Entscheidung der Kommission bestätigt, 497 Mio Euro-Strafe bleibt in Kraft

Das Europäische Gericht erster Instanz (EuG) hat die Wettbewerbs-Strafe der Kommission gegen Microsoft bestätigt. Microsoft wird damit verurteilt, die festgesetzte Strafe von 497 Mio. Euro zu zahlen, sowie die Interoperabilität von Microsoft Windows mit fremden Betriebssystemen herzustellen. Außerdem wird dem Konzern verboten, seine Marktmacht bei Betriebssystemen auszunutzen, um den Windows Media Player zu fördern.

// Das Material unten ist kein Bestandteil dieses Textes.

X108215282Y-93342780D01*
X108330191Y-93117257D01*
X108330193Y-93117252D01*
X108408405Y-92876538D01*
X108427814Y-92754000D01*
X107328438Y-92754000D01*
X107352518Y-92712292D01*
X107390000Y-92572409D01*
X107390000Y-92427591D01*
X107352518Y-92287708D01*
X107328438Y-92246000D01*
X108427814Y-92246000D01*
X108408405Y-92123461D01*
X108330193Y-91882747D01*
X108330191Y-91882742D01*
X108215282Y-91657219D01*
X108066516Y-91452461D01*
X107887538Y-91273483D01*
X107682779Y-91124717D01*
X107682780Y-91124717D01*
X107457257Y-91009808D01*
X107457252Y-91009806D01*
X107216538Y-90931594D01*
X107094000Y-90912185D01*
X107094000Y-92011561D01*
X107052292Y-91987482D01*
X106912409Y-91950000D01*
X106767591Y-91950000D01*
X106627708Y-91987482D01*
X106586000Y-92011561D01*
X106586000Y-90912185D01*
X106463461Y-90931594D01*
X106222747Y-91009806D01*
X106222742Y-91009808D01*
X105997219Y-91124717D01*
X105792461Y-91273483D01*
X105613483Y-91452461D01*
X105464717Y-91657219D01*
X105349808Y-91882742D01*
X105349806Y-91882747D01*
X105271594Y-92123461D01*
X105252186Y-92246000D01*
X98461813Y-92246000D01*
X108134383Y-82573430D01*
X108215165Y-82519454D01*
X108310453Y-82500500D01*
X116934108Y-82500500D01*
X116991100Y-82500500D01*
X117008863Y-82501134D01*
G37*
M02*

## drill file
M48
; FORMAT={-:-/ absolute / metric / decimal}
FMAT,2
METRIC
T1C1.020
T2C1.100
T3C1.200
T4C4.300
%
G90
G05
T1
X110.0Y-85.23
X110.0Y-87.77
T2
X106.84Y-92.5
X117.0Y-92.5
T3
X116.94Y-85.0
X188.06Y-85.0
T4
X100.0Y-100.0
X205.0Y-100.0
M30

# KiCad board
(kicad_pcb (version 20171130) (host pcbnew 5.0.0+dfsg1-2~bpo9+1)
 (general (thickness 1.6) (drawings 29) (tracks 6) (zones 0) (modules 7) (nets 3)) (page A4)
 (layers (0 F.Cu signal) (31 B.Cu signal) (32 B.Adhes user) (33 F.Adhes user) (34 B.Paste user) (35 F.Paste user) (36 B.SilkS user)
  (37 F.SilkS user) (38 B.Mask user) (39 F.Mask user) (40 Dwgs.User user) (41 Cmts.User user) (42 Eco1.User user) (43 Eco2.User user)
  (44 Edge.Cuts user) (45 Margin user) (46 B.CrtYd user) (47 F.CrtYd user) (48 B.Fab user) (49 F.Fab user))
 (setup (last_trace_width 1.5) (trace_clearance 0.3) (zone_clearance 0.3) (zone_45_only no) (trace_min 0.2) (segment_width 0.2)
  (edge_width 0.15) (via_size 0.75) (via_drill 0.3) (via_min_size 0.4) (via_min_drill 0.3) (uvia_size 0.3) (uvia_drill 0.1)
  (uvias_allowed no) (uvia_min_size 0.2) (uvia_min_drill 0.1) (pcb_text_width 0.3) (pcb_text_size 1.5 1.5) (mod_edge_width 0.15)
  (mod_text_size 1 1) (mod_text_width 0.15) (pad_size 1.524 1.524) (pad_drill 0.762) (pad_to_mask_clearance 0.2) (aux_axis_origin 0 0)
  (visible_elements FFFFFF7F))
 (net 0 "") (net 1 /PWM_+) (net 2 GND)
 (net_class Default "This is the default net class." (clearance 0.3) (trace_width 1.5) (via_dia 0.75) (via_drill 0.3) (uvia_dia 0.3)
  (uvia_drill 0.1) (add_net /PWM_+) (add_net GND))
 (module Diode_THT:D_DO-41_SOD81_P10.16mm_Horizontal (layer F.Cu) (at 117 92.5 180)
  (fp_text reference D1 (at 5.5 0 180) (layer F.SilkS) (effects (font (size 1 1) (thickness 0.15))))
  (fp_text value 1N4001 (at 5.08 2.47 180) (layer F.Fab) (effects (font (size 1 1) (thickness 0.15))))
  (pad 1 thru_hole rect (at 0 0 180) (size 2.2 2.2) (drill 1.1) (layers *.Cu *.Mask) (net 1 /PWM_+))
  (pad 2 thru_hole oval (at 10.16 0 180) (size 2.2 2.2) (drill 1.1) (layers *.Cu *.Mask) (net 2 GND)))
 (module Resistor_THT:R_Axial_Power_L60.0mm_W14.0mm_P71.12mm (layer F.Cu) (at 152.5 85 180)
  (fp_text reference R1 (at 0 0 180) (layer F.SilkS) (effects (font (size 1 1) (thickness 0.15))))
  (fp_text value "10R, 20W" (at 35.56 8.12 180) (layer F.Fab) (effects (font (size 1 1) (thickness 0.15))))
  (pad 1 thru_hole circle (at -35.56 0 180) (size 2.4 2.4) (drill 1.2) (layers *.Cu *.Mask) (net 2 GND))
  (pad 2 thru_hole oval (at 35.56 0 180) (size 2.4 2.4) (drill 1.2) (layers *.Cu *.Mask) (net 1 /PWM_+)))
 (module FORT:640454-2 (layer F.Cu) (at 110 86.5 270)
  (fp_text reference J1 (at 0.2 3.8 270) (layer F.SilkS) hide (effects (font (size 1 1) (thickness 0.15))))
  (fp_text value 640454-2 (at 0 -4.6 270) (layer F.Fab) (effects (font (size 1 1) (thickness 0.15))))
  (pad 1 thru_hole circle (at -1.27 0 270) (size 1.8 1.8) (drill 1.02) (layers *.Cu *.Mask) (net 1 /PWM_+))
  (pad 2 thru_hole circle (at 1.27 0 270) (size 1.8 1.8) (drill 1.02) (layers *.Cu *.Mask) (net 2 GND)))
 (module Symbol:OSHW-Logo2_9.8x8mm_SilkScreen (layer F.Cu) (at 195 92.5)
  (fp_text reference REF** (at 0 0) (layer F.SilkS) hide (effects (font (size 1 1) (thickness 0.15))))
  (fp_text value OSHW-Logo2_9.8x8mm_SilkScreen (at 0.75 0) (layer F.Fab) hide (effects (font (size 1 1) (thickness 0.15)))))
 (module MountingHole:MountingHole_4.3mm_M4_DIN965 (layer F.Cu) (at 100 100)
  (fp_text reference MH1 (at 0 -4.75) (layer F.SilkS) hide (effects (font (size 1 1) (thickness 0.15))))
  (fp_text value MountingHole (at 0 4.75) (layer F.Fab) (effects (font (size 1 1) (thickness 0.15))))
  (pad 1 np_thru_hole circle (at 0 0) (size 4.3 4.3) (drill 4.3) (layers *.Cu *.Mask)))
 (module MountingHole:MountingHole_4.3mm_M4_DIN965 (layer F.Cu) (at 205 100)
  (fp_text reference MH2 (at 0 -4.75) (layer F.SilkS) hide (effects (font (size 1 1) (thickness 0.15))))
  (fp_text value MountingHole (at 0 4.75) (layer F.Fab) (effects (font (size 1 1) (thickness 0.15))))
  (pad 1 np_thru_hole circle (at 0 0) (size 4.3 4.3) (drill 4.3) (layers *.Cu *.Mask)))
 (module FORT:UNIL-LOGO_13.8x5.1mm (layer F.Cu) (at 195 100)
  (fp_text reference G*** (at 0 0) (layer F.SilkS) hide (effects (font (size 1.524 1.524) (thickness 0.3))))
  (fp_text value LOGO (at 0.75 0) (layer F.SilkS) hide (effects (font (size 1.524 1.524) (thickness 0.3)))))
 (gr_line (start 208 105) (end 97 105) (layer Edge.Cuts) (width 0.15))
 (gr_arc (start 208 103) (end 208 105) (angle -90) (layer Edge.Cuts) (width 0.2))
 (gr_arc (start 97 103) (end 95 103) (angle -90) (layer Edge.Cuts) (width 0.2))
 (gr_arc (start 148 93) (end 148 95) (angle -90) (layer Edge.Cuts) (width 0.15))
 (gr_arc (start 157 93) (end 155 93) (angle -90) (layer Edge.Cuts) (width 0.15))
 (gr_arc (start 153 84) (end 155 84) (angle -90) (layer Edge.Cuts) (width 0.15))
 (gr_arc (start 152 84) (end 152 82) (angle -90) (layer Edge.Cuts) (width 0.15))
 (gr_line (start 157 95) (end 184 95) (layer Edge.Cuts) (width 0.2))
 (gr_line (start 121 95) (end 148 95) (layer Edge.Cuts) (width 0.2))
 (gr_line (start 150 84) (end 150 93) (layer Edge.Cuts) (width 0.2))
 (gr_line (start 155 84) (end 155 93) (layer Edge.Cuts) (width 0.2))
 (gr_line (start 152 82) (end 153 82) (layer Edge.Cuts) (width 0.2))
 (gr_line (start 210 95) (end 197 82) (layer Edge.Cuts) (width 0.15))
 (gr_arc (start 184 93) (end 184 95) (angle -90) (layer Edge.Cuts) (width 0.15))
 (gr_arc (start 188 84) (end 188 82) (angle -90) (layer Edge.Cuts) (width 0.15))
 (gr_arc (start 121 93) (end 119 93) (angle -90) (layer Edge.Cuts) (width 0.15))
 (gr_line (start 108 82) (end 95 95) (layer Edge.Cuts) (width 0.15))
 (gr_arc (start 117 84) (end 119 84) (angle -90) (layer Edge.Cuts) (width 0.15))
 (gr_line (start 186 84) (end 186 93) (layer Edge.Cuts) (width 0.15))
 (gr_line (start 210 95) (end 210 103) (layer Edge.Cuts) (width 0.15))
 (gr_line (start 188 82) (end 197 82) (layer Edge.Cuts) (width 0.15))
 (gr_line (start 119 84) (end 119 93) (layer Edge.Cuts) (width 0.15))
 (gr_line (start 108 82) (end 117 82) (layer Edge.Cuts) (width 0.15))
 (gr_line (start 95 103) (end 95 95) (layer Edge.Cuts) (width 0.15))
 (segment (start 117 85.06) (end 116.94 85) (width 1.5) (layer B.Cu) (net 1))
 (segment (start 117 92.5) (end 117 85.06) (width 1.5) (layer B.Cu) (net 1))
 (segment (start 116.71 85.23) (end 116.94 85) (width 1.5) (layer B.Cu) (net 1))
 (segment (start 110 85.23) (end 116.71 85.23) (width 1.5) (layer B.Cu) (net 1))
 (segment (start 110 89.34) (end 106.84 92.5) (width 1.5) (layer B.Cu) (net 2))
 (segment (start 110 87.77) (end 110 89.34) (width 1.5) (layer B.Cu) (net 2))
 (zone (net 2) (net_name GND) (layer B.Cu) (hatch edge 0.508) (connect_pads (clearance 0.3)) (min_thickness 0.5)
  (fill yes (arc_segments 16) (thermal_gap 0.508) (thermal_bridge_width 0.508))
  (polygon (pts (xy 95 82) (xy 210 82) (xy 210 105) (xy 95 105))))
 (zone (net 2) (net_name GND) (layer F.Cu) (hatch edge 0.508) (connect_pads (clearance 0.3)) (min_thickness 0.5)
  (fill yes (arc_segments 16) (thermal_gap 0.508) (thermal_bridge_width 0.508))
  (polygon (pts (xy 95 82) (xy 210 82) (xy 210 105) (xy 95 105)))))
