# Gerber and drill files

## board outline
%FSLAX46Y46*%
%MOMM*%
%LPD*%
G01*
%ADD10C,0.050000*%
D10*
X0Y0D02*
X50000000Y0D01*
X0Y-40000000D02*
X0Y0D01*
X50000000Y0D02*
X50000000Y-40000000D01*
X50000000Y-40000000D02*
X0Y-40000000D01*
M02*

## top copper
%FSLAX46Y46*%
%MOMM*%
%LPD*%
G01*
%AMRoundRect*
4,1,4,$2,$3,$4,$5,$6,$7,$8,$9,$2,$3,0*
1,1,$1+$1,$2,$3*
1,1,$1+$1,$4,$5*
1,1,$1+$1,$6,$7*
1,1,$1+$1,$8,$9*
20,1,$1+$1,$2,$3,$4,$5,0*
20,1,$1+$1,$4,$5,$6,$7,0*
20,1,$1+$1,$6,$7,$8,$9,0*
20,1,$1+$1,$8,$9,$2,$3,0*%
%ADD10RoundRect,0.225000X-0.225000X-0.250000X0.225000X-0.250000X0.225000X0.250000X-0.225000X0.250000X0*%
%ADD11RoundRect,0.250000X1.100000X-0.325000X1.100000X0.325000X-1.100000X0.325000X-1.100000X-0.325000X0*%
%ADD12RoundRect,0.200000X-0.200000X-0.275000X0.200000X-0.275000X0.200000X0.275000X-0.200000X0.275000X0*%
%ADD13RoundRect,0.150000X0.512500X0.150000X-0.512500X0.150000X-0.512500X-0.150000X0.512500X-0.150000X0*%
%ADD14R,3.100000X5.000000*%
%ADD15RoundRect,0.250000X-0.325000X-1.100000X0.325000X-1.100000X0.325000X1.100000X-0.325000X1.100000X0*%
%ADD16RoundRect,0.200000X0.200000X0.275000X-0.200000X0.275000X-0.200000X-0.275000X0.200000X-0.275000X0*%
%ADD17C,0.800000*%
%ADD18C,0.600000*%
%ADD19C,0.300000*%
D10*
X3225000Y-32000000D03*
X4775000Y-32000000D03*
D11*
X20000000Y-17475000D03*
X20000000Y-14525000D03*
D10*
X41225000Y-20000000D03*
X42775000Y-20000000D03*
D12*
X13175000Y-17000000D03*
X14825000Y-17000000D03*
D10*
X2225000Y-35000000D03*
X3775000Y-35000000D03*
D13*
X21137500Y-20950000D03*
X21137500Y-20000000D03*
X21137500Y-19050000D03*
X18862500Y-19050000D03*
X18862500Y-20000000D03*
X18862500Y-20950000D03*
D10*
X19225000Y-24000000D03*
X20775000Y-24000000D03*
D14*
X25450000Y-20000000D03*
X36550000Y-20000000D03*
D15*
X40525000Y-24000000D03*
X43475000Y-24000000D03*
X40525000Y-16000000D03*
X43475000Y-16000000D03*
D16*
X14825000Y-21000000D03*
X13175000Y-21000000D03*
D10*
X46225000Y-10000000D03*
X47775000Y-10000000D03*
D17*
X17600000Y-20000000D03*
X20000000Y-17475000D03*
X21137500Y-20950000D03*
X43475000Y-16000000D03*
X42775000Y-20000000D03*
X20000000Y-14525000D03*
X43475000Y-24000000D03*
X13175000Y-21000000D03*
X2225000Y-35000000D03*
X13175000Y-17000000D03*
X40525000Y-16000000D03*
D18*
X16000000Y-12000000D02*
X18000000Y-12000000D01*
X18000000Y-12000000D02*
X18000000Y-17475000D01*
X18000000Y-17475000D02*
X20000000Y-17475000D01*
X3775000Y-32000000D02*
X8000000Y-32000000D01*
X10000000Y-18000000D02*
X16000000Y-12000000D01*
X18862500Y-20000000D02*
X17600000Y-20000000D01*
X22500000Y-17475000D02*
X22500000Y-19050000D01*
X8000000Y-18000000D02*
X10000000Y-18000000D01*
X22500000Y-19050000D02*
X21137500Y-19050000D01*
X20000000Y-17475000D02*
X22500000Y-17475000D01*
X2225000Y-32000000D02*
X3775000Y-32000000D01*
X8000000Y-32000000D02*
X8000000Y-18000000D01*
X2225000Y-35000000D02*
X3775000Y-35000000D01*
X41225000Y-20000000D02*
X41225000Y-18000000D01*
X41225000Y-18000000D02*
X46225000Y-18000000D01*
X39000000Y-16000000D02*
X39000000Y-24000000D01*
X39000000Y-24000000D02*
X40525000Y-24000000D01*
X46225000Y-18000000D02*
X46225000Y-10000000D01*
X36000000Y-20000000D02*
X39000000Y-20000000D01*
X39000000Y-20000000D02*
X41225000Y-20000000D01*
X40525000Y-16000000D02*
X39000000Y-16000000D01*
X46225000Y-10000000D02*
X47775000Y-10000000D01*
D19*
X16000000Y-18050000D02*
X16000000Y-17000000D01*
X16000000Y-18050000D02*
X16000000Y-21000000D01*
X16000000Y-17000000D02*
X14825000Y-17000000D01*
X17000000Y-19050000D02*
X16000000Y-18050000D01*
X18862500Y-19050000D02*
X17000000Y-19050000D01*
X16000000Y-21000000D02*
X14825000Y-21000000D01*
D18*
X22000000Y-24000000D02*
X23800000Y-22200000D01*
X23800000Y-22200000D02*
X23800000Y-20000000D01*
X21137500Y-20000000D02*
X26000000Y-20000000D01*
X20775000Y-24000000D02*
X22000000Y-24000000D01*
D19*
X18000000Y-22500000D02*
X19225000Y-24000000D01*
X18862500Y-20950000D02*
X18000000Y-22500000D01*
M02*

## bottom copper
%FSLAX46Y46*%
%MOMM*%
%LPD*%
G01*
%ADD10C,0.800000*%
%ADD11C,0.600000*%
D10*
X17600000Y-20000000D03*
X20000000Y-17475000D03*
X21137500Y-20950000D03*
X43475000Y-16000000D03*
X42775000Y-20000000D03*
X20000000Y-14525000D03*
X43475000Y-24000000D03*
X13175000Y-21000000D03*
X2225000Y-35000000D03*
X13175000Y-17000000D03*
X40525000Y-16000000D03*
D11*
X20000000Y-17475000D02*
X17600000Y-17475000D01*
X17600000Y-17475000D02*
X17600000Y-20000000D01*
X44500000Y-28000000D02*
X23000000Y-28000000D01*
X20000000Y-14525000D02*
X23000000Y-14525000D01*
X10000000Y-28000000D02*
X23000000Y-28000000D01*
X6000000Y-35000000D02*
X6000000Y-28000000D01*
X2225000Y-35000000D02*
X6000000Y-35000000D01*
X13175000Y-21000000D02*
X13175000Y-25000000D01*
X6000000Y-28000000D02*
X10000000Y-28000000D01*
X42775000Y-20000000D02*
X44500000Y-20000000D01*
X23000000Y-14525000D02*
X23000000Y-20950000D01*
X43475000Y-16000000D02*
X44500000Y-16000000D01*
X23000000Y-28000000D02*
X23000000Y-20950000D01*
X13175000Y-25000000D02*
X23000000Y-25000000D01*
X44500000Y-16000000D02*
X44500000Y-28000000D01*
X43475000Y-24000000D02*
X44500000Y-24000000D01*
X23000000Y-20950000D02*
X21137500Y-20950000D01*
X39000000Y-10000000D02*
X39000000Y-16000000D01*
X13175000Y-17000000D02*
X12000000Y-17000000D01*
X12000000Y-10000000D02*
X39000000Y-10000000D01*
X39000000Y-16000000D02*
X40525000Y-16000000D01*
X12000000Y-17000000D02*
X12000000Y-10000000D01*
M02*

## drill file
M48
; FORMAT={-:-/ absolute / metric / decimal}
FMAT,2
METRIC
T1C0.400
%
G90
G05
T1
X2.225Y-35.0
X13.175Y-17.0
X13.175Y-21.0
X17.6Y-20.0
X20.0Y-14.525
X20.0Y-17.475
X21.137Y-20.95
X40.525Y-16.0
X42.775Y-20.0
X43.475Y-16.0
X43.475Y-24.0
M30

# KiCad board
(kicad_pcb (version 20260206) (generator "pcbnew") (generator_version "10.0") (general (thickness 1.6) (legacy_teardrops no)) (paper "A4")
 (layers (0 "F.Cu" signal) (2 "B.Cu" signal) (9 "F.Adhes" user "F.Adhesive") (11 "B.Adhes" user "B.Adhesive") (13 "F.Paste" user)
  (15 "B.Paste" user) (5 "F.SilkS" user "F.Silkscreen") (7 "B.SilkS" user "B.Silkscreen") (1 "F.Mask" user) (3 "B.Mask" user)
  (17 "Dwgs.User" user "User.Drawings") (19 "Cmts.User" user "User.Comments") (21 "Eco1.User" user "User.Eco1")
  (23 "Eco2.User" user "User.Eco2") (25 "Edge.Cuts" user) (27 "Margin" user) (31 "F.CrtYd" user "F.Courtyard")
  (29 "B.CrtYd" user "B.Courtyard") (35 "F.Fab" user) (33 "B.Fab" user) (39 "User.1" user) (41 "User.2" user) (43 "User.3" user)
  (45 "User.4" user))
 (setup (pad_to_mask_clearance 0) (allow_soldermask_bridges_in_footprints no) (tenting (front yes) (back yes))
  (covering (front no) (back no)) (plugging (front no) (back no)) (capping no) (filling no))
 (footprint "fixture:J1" (layer "F.Cu") (at 4 32)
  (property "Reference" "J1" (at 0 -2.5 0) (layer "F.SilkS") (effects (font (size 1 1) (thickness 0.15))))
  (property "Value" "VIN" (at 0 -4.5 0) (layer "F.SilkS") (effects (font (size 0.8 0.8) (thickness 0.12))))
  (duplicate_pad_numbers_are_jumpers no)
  (pad "1" smd roundrect (at -0.775 0) (size 0.9 0.95) (layers "F.Cu" "F.Mask" "F.Paste") (roundrect_rratio 0.25) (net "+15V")
   (thermal_bridge_angle 45))
  (pad "2" smd roundrect (at 0.775 0) (size 0.9 0.95) (layers "F.Cu" "F.Mask" "F.Paste") (roundrect_rratio 0.25) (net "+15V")
   (thermal_bridge_angle 45)))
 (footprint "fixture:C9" (layer "F.Cu") (at 20 16 90)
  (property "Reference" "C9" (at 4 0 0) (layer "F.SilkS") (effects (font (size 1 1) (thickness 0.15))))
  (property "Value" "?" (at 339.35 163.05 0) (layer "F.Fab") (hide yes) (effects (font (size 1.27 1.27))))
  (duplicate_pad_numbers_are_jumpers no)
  (pad "1" smd roundrect (at -1.475 0 90) (size 1.15 2.7) (layers "F.Cu" "F.Mask" "F.Paste") (roundrect_rratio 0.217391) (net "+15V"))
  (pad "2" smd roundrect (at 1.475 0 90) (size 1.15 2.7) (layers "F.Cu" "F.Mask" "F.Paste") (roundrect_rratio 0.217391) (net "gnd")))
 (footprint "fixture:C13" (layer "F.Cu") (at 42 20)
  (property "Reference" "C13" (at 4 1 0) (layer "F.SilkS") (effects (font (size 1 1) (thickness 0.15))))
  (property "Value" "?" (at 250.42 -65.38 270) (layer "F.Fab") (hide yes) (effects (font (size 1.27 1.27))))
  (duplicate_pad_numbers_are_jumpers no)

Das Gericht schließt sich der Ansicht der Kommission an, dass das Verhalten von Microsoft gegen Art. 82 des EG-Vertrags, insbesondere Unterziffer d), verstößt.

Art. 82 EGV besagt:

Mit dem Gemeinsamen Markt unvereinbar und verboten ist die mißbräuchliche Ausnutzung einer beherrschenden Stellung auf dem Gemeinsamen Markt oder auf einem wesentlichen Teil desselben durch ein oder mehrere Unternehmen, soweit dies dazu führen kann, den Handel zwischen Mitgliedstaaten zu beeinträchtigen.

Dieser Mißbrauch kann insbesondere in folgendem bestehen:
(…)
d) der an den Abschluß von Verträgen geknüpften Bedingung, daß die Vertragspartner zusätzliche Leistungen annehmen, die weder sachlich noch nach Handelsbrauch in Beziehung zum Vertragsgegenstand stehen.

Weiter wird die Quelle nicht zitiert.